Mr. Boylan continued, “Previously, unlike most other energy companies, we had not been required to adjust our cost structure and in fact had continued to add expense and personnel. After reviewing our results, we decided it was prudent to adjust our cost structure to align it with our level of activity. In the Water & Environmental Services segment, we temporarily shut-in one facility and have reduced hours of operations and staffing at several other facilities. In the Pipeline Inspection Services segment, we modified our G&A cost structure to more efficiently execute our current volume of business while maintaining capacity to grow. In the Integrity Services segment, we consolidated our Texas operations to reduce duplication and our cost structure to address the material slow-down in offshore work. These actions taken to right-size our cost structure and protect liquidity and distributions during this downturn, total approximately $5 million in annual cost savings. These actions are complete and should be seen immediately in the second quarter and future periods.”

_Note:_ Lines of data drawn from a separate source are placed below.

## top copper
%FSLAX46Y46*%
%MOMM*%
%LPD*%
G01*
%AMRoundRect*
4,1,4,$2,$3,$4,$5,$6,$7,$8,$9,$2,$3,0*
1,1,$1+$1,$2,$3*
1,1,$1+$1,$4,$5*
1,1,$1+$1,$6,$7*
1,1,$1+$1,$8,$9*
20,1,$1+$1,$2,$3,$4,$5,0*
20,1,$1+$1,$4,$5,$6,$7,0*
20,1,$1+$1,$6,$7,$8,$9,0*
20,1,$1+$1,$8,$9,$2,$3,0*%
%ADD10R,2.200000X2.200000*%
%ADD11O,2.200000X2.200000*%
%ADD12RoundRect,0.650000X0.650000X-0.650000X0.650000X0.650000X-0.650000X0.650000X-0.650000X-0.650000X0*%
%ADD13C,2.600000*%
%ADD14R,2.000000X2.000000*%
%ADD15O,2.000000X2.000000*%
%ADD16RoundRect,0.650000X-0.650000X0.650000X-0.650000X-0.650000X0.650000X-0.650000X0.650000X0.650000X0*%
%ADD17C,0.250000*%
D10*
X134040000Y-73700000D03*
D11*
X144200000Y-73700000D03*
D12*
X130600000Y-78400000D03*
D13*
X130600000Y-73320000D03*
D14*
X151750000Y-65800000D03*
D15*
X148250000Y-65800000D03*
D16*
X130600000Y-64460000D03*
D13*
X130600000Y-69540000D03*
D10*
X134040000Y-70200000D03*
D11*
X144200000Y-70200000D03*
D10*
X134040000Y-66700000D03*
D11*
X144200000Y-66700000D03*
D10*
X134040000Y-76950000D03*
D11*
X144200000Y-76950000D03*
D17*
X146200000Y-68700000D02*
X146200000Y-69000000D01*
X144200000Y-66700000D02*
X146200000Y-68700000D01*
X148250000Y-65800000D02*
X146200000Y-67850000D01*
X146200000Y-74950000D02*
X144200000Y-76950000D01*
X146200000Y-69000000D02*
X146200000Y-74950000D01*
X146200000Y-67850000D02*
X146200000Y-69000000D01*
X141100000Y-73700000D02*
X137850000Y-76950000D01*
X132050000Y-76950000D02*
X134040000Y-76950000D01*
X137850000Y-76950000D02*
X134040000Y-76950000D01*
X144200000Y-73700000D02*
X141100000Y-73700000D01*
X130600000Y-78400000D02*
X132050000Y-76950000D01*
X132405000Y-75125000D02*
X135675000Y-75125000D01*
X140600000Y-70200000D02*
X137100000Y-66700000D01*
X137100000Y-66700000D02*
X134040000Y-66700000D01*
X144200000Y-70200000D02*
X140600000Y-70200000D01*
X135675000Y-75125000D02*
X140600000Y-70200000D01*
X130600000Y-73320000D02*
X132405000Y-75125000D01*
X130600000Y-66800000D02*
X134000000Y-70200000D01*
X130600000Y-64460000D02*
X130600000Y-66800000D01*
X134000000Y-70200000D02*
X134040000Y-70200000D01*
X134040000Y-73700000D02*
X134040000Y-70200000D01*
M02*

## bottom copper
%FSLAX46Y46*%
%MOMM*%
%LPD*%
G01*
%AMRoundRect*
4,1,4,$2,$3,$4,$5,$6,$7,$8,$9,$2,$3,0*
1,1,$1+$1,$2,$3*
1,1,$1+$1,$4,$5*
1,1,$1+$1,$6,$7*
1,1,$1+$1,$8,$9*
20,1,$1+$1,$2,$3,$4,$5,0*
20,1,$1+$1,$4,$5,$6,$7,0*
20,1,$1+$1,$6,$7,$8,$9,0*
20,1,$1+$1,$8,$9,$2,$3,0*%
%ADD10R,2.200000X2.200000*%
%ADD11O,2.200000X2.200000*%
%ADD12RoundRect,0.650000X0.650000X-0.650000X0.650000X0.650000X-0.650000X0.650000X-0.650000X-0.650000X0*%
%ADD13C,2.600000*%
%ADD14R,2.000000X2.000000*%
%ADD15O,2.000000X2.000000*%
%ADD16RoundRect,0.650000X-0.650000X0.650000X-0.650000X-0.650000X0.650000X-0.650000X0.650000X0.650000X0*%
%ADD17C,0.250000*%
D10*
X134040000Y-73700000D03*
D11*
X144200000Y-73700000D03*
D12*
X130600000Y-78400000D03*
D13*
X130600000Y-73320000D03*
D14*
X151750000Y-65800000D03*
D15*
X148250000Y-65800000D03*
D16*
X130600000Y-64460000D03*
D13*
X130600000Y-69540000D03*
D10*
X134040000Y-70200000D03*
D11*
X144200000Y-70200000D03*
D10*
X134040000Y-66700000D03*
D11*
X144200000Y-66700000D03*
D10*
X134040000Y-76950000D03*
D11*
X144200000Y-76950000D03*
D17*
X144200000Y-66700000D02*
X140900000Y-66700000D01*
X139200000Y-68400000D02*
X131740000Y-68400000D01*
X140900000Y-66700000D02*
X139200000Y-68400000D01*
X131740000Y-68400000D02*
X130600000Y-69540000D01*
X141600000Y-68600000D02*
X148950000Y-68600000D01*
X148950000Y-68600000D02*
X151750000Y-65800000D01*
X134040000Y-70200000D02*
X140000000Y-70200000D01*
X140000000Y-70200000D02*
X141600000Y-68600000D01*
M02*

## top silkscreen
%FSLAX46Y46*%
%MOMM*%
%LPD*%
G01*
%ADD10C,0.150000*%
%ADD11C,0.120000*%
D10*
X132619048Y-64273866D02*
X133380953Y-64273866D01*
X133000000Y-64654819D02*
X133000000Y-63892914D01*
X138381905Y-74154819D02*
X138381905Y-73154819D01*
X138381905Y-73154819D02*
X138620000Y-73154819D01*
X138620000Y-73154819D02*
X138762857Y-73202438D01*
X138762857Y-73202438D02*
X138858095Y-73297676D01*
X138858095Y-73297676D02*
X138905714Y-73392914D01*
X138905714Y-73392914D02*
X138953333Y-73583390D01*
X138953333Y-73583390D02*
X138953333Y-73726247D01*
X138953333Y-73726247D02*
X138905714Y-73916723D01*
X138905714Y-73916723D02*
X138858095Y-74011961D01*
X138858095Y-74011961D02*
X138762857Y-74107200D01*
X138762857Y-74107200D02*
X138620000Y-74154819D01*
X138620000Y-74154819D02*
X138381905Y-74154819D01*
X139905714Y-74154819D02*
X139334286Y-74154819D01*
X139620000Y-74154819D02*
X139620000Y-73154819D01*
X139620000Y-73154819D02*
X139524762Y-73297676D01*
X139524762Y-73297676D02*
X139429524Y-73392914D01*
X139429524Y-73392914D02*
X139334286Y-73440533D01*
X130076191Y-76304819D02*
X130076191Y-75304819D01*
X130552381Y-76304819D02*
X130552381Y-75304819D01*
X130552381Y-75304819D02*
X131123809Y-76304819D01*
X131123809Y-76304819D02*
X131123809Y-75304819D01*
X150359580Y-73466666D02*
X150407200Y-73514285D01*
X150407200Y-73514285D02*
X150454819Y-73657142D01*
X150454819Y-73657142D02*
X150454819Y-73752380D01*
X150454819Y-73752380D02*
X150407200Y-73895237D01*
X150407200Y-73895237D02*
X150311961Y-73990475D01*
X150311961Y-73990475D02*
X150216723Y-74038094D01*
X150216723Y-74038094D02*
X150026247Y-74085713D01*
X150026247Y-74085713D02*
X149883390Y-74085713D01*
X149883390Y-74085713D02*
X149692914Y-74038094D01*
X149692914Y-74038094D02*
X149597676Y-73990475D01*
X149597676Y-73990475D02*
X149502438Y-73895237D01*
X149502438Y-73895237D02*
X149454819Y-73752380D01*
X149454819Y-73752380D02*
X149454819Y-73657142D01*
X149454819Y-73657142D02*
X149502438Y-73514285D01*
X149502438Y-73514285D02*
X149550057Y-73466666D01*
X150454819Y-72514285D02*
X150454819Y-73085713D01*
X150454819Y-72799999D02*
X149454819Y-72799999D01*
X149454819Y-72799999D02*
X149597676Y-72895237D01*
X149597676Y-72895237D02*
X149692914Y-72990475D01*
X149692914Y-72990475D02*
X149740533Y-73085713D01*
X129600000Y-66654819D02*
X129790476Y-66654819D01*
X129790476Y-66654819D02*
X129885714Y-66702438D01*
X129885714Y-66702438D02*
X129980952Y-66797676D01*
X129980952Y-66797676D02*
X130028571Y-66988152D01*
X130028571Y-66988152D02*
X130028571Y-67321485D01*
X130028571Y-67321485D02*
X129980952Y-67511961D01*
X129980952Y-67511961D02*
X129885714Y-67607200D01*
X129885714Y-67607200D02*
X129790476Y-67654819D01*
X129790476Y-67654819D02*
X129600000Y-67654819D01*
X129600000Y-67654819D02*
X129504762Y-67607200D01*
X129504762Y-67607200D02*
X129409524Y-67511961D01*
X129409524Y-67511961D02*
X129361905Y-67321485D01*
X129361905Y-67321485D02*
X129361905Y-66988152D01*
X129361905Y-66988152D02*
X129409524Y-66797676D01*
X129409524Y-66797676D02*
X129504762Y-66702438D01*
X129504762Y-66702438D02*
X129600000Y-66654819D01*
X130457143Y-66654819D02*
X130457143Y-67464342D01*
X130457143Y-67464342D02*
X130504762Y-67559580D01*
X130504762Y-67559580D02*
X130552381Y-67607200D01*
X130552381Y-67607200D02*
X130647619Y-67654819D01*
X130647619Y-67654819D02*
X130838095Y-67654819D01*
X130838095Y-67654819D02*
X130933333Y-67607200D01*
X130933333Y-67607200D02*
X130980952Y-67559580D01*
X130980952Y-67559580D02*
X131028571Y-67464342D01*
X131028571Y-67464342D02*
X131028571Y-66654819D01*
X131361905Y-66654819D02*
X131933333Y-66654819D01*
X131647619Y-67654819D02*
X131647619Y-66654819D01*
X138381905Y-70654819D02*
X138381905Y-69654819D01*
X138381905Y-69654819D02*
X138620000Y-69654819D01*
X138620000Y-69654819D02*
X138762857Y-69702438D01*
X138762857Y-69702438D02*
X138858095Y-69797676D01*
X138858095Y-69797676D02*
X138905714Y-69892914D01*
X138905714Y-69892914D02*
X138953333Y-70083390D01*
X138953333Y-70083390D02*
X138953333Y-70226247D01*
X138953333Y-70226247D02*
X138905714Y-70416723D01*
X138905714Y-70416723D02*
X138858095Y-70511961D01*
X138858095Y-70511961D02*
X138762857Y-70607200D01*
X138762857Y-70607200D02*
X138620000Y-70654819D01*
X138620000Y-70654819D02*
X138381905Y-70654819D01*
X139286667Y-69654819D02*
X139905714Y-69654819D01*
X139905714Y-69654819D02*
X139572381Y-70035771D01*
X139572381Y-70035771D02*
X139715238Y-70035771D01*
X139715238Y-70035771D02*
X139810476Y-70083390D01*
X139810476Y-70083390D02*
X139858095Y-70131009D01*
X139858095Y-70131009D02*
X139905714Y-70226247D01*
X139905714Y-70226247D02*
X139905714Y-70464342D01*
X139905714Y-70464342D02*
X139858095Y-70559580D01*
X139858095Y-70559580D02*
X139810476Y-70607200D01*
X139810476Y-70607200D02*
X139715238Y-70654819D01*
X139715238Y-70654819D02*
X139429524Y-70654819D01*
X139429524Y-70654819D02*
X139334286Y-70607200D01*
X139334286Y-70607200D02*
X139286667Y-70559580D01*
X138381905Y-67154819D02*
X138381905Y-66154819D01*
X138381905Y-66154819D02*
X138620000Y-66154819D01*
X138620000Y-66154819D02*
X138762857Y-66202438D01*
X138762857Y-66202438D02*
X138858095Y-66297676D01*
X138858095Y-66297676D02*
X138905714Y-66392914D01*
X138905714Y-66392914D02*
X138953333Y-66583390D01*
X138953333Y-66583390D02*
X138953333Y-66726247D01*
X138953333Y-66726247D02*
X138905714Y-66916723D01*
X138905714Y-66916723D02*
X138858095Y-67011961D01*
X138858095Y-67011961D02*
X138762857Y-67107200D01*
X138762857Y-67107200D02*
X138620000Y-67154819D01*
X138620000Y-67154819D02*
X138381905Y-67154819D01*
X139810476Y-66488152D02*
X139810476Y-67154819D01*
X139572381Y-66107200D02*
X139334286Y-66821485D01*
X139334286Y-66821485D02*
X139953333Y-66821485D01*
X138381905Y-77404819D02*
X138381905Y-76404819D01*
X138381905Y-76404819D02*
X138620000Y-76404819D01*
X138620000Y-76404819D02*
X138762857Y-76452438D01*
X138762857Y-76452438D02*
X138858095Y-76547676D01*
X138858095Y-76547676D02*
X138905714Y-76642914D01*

In conclusion Mr. Boylan commented, “Pipeline inspection and integrity services remain great businesses that are federally mandated to protect our nation’s critical energy infrastructure. The new proposed DOT PHMSA rules will materially benefit our business if enacted. Our team continues to focus on organic growth opportunities with our customer relationships, as well as acquisitions. We continue to win new customers and business that will surface in coming periods.”
First Quarter:
- Revenue of $73.5 million for the three months ended March 31, 2016 compared with $94.1 million in same period of 2015 as a result of fewer inspectors, and project delays or cancellations.
- Gross margin of $7.8 million or 10.6% compared to $10.5 million or 11.2% in same period a year ago.
- Adjusted EBITDA of $3.1 million for the three months ended March 31, 2016 (including non-controlling interests) compared to $5.6 million for the same period of 2015. Adjusted EBITDA attributable to CELP of $3.2 million for the three months ended March 31, 2016, compared to adjusted EBITDA attributable to CELP of $5.0 million for the same period of 2015.
- Net loss of $1.4 million for the three months ended March 31, 2016, compared to net income of $2.8 million for the three months ended March 31, 2015.
- Net loss attributable to CELP limited partners of $26 thousand for the three months ended March 31, 2016, compared to net income attributable to CELP limited partners of $2.7 million for the same period of 2015.
- Distributable cash flow of $1.8 million for the three months ended March 31, 2016 representing a decrease of 57.8% from the same period of 2015.
- A common unit coverage ratio of 0.77x and a coverage ratio of 0.38x before the approximate $5 million in cost reductions compared to Q4 2015 coverage ratio of 0.76x.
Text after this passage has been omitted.